He meant to plead guilty, as he thought he could well afford to do, if he was exculpated on the other points, to all the sin of acquiescence in Rosa’s devotion to an unholy and proscribed religion; and to the crucifix Magawisca had produced, and which he feared would prove a “confirmation strong” to any jealousies the governor might still harbour against him, he meant to answer that he had taken it from Rosa to explain to Magawisca that she was of the Romish religion.

With this plausible tale--not the best that could have been devised, perhaps, by one accustomed to all the sinuosities of the human mind and human affairs, but the best that Sir Philip could frame in his present perplexity--he bent his steps towards the governor’s, a little anticipating the appointed hour in the hope of obtaining a glimpse of Miss Leslie, whom he had not seen since their last interview at the island; {181} and who was still the bright cynosure by which, through all the dangers that beset him, he trusted to guide himself to a joyous destiny.

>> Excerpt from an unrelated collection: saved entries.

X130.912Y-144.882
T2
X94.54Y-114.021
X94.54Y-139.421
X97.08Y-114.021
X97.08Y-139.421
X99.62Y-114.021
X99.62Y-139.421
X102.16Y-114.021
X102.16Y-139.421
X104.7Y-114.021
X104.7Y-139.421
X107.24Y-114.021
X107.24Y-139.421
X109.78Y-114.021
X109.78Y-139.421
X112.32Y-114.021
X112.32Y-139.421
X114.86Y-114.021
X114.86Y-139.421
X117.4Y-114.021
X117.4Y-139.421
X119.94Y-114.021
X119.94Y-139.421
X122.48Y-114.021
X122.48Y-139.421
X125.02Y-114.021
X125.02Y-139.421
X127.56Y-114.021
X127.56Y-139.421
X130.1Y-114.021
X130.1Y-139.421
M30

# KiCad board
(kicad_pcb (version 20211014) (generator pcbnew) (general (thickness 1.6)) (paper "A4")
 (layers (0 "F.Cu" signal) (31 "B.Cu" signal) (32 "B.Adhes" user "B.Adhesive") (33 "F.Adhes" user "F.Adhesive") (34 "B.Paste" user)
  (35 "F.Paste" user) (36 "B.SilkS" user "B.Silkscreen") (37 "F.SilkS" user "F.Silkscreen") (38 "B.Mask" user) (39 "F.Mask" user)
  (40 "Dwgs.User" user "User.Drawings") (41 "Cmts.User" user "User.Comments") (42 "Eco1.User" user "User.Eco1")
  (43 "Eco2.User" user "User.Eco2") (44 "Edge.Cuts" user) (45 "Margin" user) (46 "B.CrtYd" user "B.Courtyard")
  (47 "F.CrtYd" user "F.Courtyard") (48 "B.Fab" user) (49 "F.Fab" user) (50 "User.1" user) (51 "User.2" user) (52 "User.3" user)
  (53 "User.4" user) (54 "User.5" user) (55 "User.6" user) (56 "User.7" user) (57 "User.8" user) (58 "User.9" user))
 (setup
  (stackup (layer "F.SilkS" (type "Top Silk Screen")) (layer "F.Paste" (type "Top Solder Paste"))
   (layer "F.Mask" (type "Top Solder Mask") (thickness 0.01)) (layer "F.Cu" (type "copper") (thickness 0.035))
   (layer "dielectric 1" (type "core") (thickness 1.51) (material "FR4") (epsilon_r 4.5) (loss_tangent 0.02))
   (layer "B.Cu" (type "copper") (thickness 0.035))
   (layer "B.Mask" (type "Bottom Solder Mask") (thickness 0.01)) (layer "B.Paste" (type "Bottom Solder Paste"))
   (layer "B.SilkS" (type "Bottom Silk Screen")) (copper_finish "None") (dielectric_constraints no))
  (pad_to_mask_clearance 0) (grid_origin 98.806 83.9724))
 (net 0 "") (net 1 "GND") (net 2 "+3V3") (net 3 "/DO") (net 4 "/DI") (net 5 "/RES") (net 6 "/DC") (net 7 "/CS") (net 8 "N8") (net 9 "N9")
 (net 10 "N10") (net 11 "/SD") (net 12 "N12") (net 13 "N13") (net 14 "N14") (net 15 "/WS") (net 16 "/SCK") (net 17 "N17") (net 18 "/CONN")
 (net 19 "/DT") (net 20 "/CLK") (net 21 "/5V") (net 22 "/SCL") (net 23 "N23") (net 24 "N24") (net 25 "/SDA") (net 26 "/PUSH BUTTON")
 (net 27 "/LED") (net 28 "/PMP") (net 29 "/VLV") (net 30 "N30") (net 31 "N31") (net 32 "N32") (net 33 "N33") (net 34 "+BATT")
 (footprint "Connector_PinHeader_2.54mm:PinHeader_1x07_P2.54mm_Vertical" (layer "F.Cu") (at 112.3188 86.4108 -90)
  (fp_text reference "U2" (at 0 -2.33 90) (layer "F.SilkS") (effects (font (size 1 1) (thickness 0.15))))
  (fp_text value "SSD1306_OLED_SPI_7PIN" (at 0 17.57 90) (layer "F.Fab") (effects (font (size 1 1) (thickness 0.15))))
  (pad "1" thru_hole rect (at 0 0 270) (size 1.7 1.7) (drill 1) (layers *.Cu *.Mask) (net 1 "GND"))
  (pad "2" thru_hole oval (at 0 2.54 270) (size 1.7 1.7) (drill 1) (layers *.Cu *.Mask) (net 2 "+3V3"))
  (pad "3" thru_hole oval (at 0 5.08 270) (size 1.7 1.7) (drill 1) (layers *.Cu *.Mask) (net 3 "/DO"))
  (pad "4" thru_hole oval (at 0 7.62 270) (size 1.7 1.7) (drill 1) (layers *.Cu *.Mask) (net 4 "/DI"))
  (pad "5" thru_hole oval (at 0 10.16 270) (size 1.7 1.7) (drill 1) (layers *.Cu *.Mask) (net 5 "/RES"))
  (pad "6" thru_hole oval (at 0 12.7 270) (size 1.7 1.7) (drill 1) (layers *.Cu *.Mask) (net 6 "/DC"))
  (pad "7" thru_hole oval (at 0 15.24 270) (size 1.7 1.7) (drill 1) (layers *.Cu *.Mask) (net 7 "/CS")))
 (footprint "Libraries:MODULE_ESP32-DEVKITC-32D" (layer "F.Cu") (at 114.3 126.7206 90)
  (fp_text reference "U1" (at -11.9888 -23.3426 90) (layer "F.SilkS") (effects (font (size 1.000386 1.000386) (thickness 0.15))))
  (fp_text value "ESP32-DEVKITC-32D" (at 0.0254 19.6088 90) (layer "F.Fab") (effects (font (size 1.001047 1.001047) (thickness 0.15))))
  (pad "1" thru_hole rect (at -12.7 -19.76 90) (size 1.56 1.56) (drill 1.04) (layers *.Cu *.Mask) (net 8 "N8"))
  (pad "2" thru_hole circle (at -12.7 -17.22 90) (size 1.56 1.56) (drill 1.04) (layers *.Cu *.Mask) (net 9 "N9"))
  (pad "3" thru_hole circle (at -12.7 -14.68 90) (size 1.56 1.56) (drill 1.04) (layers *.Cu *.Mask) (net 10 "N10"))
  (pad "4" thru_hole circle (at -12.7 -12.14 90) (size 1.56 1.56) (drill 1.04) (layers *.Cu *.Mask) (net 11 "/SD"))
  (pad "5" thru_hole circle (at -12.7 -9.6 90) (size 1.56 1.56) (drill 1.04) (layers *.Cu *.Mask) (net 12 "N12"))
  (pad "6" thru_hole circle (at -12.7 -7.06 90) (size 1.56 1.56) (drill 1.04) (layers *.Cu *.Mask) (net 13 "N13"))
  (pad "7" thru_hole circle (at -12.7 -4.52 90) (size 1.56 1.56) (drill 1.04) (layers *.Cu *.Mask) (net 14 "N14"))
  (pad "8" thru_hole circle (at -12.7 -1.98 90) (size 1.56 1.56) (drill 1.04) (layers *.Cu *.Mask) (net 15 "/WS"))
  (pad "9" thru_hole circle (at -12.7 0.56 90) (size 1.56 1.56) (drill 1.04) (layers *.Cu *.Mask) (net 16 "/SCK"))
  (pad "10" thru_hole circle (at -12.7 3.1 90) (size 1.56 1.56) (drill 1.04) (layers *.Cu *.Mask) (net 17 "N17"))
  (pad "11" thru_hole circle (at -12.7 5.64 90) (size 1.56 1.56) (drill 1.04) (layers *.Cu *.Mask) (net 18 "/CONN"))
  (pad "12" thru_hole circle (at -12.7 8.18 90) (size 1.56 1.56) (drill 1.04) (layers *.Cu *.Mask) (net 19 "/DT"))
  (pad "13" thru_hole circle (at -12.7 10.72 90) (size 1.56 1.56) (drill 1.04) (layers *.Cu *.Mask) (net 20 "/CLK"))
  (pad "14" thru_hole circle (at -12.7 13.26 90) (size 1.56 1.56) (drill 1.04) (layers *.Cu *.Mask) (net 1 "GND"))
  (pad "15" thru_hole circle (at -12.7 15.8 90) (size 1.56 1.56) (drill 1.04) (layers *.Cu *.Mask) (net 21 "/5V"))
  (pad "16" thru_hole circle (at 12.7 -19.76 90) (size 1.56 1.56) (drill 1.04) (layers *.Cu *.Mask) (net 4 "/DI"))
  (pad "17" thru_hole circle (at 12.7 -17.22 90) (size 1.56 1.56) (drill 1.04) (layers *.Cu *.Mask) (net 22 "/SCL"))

Never was he more unwelcome to her sight than when he opened the parlour door, and interrupted the deeply-interesting conversation in which we left her engaged. She coldly bowed, without speaking, and left him, without making any apology, in the midst of his flattering compliments on the recovery of her health.

Sir Philip and Everell were much on the terms of two unfriendly dogs, who are, by some coercion, kept from doing battle, but who never meet without low growls and sullen looks, that intimate their deadly enmity. Everell paced the room twice or thrice, then snatched up his hat, left the house, and sauntered up the street.

No sooner had he disappeared than Jennet emerged from her seclusion, her hands uplifted and her eyes upturned. “Oh, Sir Philip! Sir Philip!” she said, as soon as she could get her voice, a delay never long with Jennet, “truly is the heart deceitful, and the lips too. Oh! who would have thought it? such a daring, presumptuous, and secret sin, too! Where is the governor? He must know it. But first, Sir Philip, I will tell you; that will do, as you and the governor are one in counsel.”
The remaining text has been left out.